Set theory and alternative foundations Every foundational system for mathematics I have ever read about has been a set theory, from ETCS to ZFC to NF. Are there any proposals for a foundational system which is not, in any sense, a set theory? Is there any alternative foundation which is not a set-theory? 
 A: This was going to be a comment to Joel David Hamkins's answer on geometry, but it didn't fit.
+1 This is one of the most clear-minded things I have read on MO. It does not make a mockery of Foundations and still says something non-obvious.
I'm very skeptical of all this business with category theory being a foundation for mathematics. First, whenever anyone talks about it, it always seems to be somebody else's work. It's become something of a meme that "Bill Lawvere has proposals to provide foundations for math through category theory", but we don't ever see details provided.
Second, are we really to understand that we are going to add small integers with arrows and diagrams? Draw circles and lines, and say that the latter meet at most once? I think people work in trans-Euclidean hyperschemes of infinite type so much, they forget that math includes these things.
As Wittgenstein remarks in the Investigations, just because you can express A in terms of B, it does not mean that B actually underlies A.
A: I believe the lambda calculus was originally intended as a foundation for mathematics. More recently it seems that both category theory and type theory seem to be gaining support. Although, I think type theory (a la Martil-Löf) could be viewed as another variation on the set-theoretic theme. 
A: This may not satisfy the request for something that is "not, in any sense, a set theory" but Oliver Deiser has worked out two versions of foundations, one based on lists and one on multisets.  This is in his book "Orte, Listen, Aggregate" (and his Habilitationsschrift with the same title).
A: Von Neumann wrote down a foundation where the basic objects are functions, not sets.  But it was soon re-cast into an equivalent system with sets (and classes).
A: If we adopt a historical attitude, then there is an extremely good answer, namely, Geometry. For approximately two thousand years, (Euclidean) geometry was taken to be the foundation of all mathematics. Numbers were regarded as lengths of line segments; quadratic equations were regarded as expressing the relationship of the areas of certain geometrical figures. All mathematics was, at bottom, geometric.
Of course, there were problems with this. For many ancient mathematicians, for example, it made as little sense to add the cube of a number to its square as it would to add a volume to an area. The equals sign was not introduced until 1557, and it is easy for contemporary mathematicians to lose sight of how differently the ancients thought about the mathematical objects they studied and wrote about. Newton, famously, was so great a mathematician that he was able to introduce the differential calculus in terms of the ancient geometrical reasoning, although we rarely conceive of his ideas that way today.
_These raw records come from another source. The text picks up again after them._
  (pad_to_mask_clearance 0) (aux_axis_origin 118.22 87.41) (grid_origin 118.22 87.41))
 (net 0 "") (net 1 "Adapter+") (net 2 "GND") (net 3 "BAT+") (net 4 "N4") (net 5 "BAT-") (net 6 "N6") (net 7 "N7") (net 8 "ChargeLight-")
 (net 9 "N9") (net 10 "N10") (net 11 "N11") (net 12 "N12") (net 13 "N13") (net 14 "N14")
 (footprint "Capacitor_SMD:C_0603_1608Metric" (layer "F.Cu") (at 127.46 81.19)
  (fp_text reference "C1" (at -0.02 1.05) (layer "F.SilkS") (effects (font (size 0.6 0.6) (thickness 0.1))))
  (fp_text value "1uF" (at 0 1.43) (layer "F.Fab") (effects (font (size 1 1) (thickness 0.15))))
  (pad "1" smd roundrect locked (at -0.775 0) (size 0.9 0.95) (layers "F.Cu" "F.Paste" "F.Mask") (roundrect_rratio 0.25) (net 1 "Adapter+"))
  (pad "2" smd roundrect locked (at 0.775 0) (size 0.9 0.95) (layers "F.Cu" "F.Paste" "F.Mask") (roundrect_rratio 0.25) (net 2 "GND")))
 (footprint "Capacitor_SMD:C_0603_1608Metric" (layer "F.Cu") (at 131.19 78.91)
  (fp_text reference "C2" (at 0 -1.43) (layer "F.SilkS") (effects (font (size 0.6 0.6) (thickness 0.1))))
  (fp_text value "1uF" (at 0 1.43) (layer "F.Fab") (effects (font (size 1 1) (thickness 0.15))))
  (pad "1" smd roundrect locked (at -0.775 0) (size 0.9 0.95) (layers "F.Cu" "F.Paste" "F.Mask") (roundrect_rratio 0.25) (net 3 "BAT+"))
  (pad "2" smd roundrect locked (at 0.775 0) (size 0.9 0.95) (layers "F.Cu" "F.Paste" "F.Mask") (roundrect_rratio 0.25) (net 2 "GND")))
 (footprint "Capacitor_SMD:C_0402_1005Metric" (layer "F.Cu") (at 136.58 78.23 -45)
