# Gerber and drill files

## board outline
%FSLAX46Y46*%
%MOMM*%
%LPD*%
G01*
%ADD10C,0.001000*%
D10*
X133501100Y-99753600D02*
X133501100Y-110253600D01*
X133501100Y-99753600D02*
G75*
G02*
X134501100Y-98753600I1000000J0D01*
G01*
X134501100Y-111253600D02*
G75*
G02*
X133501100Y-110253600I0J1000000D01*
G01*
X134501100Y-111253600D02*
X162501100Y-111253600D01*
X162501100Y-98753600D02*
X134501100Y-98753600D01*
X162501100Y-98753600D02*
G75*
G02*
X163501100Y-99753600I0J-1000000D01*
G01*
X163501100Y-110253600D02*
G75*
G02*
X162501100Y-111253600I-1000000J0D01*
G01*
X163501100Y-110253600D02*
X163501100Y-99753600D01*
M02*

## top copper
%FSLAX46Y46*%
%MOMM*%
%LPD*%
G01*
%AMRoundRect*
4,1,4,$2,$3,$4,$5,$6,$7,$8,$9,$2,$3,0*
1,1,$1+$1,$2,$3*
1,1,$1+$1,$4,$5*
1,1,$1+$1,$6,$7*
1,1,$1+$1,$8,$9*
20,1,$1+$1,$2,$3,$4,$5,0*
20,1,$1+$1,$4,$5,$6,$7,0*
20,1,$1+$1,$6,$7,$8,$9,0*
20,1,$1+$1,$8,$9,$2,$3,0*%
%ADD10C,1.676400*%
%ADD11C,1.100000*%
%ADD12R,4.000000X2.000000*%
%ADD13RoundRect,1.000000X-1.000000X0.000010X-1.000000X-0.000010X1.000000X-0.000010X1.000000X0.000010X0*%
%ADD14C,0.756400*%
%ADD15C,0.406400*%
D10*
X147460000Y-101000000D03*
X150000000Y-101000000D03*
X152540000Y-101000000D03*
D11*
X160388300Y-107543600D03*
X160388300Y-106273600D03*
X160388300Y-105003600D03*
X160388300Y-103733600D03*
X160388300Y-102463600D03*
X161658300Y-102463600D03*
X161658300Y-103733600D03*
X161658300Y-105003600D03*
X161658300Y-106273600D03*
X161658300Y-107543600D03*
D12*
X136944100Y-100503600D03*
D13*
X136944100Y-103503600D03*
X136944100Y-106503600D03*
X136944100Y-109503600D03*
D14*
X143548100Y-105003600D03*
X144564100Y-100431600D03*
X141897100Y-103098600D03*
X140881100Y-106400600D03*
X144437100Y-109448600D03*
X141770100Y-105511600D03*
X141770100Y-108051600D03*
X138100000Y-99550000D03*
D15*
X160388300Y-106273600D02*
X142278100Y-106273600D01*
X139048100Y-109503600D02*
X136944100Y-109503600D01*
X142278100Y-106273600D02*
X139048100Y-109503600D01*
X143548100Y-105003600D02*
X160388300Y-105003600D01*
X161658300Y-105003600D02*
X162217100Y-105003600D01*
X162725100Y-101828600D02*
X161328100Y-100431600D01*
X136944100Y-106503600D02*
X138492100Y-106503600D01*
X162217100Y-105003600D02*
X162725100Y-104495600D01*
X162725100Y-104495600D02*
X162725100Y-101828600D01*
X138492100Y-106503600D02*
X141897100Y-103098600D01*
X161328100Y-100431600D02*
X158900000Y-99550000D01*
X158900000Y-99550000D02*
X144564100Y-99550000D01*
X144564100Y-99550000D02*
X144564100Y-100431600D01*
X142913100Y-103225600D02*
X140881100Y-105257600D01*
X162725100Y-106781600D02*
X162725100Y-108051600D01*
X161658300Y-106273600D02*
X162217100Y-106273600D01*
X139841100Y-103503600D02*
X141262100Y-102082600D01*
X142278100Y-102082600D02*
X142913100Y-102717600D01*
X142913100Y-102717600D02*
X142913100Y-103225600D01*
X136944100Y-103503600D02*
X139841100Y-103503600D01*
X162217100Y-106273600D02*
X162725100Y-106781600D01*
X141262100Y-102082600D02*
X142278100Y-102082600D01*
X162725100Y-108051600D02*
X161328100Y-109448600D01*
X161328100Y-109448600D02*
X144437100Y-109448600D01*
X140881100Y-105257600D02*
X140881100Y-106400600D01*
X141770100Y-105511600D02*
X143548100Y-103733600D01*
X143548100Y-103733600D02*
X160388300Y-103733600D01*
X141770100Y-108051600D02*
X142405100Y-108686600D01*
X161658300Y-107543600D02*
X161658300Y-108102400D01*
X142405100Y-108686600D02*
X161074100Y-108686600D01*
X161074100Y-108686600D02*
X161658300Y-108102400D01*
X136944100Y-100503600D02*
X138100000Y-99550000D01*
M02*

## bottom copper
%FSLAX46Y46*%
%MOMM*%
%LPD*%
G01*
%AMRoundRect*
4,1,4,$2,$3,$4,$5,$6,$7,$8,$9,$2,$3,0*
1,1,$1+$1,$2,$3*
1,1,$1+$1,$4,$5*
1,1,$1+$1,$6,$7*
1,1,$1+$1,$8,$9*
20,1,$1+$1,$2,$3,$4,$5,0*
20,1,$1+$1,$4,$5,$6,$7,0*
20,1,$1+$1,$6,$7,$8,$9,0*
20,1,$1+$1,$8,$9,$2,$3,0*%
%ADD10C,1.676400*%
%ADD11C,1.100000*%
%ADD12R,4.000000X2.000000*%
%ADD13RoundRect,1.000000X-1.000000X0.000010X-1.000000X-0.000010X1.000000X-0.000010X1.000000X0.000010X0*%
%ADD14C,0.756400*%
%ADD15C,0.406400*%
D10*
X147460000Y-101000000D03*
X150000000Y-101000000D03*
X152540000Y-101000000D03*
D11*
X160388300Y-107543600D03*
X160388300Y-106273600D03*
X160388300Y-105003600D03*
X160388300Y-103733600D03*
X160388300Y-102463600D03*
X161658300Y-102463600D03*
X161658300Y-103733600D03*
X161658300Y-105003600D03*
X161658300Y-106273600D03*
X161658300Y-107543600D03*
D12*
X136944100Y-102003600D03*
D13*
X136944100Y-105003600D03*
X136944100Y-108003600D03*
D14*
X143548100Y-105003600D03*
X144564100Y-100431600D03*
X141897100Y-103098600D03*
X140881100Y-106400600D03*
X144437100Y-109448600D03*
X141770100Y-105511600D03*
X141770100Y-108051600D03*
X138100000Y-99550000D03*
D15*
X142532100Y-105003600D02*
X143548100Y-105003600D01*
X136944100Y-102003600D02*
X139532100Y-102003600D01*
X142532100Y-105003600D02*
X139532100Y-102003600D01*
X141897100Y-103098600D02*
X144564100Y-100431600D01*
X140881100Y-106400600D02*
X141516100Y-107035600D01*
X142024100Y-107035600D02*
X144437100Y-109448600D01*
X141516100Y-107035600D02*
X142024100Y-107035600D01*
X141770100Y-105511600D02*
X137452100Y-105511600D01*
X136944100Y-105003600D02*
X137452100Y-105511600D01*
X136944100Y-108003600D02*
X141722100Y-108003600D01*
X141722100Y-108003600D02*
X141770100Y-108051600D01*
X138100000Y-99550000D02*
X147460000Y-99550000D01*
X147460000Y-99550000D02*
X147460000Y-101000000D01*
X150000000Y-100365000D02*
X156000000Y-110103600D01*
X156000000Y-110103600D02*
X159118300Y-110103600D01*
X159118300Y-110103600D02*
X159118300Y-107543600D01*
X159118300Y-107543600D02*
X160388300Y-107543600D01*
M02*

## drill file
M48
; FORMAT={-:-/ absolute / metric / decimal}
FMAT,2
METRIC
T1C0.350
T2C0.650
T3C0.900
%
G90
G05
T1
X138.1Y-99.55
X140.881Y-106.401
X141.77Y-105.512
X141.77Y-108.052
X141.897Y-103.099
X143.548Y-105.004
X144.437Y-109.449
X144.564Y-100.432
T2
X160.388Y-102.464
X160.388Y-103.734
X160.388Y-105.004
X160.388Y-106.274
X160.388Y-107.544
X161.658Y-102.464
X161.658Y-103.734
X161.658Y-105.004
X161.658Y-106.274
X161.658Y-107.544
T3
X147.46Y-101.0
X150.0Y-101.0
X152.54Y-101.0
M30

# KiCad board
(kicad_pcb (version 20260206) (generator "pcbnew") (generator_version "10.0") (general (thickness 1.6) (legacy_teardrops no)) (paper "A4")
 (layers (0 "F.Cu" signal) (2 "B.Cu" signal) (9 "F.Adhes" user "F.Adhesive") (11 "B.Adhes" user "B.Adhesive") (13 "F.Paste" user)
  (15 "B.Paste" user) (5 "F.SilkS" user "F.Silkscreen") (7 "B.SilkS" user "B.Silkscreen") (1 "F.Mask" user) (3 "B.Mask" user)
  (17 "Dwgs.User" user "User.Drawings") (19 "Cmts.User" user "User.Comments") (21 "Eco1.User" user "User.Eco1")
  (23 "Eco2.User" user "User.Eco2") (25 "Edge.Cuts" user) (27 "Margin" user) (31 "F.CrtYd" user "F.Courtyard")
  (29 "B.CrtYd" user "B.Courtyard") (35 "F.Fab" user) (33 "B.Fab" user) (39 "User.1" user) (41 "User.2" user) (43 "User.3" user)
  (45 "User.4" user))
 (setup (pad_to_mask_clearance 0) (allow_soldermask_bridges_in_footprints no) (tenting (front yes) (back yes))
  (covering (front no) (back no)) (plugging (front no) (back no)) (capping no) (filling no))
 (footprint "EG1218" (layer "F.Cu") (at 150 101)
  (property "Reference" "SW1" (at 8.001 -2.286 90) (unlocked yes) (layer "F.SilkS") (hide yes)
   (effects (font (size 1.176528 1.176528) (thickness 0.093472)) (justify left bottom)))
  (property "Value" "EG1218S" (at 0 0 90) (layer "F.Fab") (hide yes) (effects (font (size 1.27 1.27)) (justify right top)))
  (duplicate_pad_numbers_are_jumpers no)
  (pad "O" thru_hole circle (at -2.54 0 90) (size 1.6764 1.6764) (drill 0.9) (layers "*.Cu" "*.Mask") (remove_unused_layers no)
   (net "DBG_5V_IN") (solder_mask_margin 0.1016) (thermal_bridge_angle 0))
  (pad "P" thru_hole circle (at 0 0 90) (size 1.6764 1.6764) (drill 0.9) (layers "*.Cu" "*.Mask") (remove_unused_layers no) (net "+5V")
   (solder_mask_margin 0.1016) (thermal_bridge_angle 0))
  (pad "S" thru_hole circle (at 2.54 0 90) (size 1.6764 1.6764) (drill 0.9) (layers "*.Cu" "*.Mask") (remove_unused_layers no)
   (solder_mask_margin 0.1016) (thermal_bridge_angle 0)))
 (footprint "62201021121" (layer "F.Cu") (at 161.0233 105.0036 90)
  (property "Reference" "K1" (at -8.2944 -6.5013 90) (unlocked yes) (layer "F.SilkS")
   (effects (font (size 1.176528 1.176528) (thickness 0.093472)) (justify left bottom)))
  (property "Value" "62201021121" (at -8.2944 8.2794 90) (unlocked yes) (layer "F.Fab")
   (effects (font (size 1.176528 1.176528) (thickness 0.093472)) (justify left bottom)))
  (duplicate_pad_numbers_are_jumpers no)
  (pad "1" thru_hole circle (at -2.54 -0.635 90) (size 1.1 1.1) (drill 0.65) (layers "*.Cu" "*.Mask") (remove_unused_layers no) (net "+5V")
   (solder_mask_margin 0.1016) (thermal_bridge_angle 0))
  (pad "2" thru_hole circle (at -1.27 -0.635 90) (size 1.1 1.1) (drill 0.65) (layers "*.Cu" "*.Mask") (remove_unused_layers no) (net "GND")
   (solder_mask_margin 0.1016) (thermal_bridge_angle 0))
  (pad "3" thru_hole circle (at 0 -0.635 90) (size 1.1 1.1) (drill 0.65) (layers "*.Cu" "*.Mask") (remove_unused_layers no) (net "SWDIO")
   (solder_mask_margin 0.1016) (thermal_bridge_angle 0))
  (pad "4" thru_hole circle (at 1.27 -0.635 90) (size 1.1 1.1) (drill 0.65) (layers "*.Cu" "*.Mask") (remove_unused_layers no) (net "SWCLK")
   (solder_mask_margin 0.1016) (thermal_bridge_angle 0))
  (pad "5" thru_hole circle (at 2.54 -0.635 90) (size 1.1 1.1) (drill 0.65) (layers "*.Cu" "*.Mask") (remove_unused_layers no) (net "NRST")
   (solder_mask_margin 0.1016) (thermal_bridge_angle 0))
  (pad "6" thru_hole circle (at 2.54 0.635 90) (size 1.1 1.1) (drill 0.65) (layers "*.Cu" "*.Mask") (remove_unused_layers no) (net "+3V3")
   (solder_mask_margin 0.1016) (thermal_bridge_angle 0))
  (pad "7" thru_hole circle (at 1.27 0.635 90) (size 1.1 1.1) (drill 0.65) (layers "*.Cu" "*.Mask") (remove_unused_layers no) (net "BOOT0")
   (solder_mask_margin 0.1016) (thermal_bridge_angle 0))
  (pad "8" thru_hole circle (at 0 0.635 90) (size 1.1 1.1) (drill 0.65) (layers "*.Cu" "*.Mask") (remove_unused_layers no) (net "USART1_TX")
   (solder_mask_margin 0.1016) (thermal_bridge_angle 0))
  (pad "9" thru_hole circle (at -1.27 0.635 90) (size 1.1 1.1) (drill 0.65) (layers "*.Cu" "*.Mask") (remove_unused_layers no)
   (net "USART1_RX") (solder_mask_margin 0.1016) (thermal_bridge_angle 0))
  (pad "10" thru_hole circle (at -2.54 0.635 90) (size 1.1 1.1) (drill 0.65) (layers "*.Cu" "*.Mask") (remove_unused_layers no) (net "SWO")
   (solder_mask_margin 0.1016) (thermal_bridge_angle 0)))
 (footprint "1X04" (layer "F.Cu") (at 136.9441 105.0036 -90)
Indeed, much of this kind of writing now appears alien to us.
A: To follow up further on Joel David Hamkins's answer on geometry, Frege’s last work (two despairing decades after Russell’s Paradox demolished his Grundgesetze der Arithmetik) was a brief unpublished paper entitled “Neuer Versuch der Grundlegun der Arithmetik,” based on geometry with “the final goal, the general complex numbers.”  (As in the Grundgesetze, he emphasizes that real numbers are ratios of quantities, not quantities themselves.)
A: Type theories form another class of foundations for mathematics, and are used in various places.  For example, Martin-Löf type theory is a constructive foundation of mathematics, and a lot of constructive mathematics has been formulated in it.
Type theories are used in some proof assistants, like Coq, and they have nice connections with various programming languages in computer science - look up languages with dependent types.  
I should also mention that type theories have a close relation with categories - "Introduction to higher order categorical logic" by Lambek and Scott connects various type theories and categories.
A: Bill Lawvere has suggested axiomatizing the category of categories as a foundation of mathematics, and there is no sense in which this could be thought of as a set theory. Colin McLarty is one person who has done some work on achieving such an axiomatization.
A: Arithmetic can be used as a foundation for a surprising amount of mathematics.  The book Subsystems of Second-Order Arithmetic by Steve Simpson demonstrates that a huge fraction of mathematics can be formalized arithmetically.  In fact, first-order Peano arithmetic suffices for most "ordinary" mathematics.
I should point out, however, that even when using arithmetic axioms as one's ultimate foundation, people in practice formalize everything in (finitary) set theory first, and then show how to encode finite sets as integers.  Set theory is just so darn convenient as a unifying language that it's hard to get away from it entirely.  However, as long as you're really only dealing with finite or countable sets, almost anything you want to state and prove can in principle be done with integers, so in this sense arithmetic can be used as a foundation for most of mathematics.
Areas of mathematics that are "intrinsically uncountable" cannot be captured by any of the systems in Simpson's book, but there are fewer of these areas than you might think.
A: I know from the logical end there is plural quantification developed and expounded to some extent by Boolos, Lewis and others that sidesteps the whole issue of set and gives first order logic the ability to talk about set-like objects without resorting to set theory.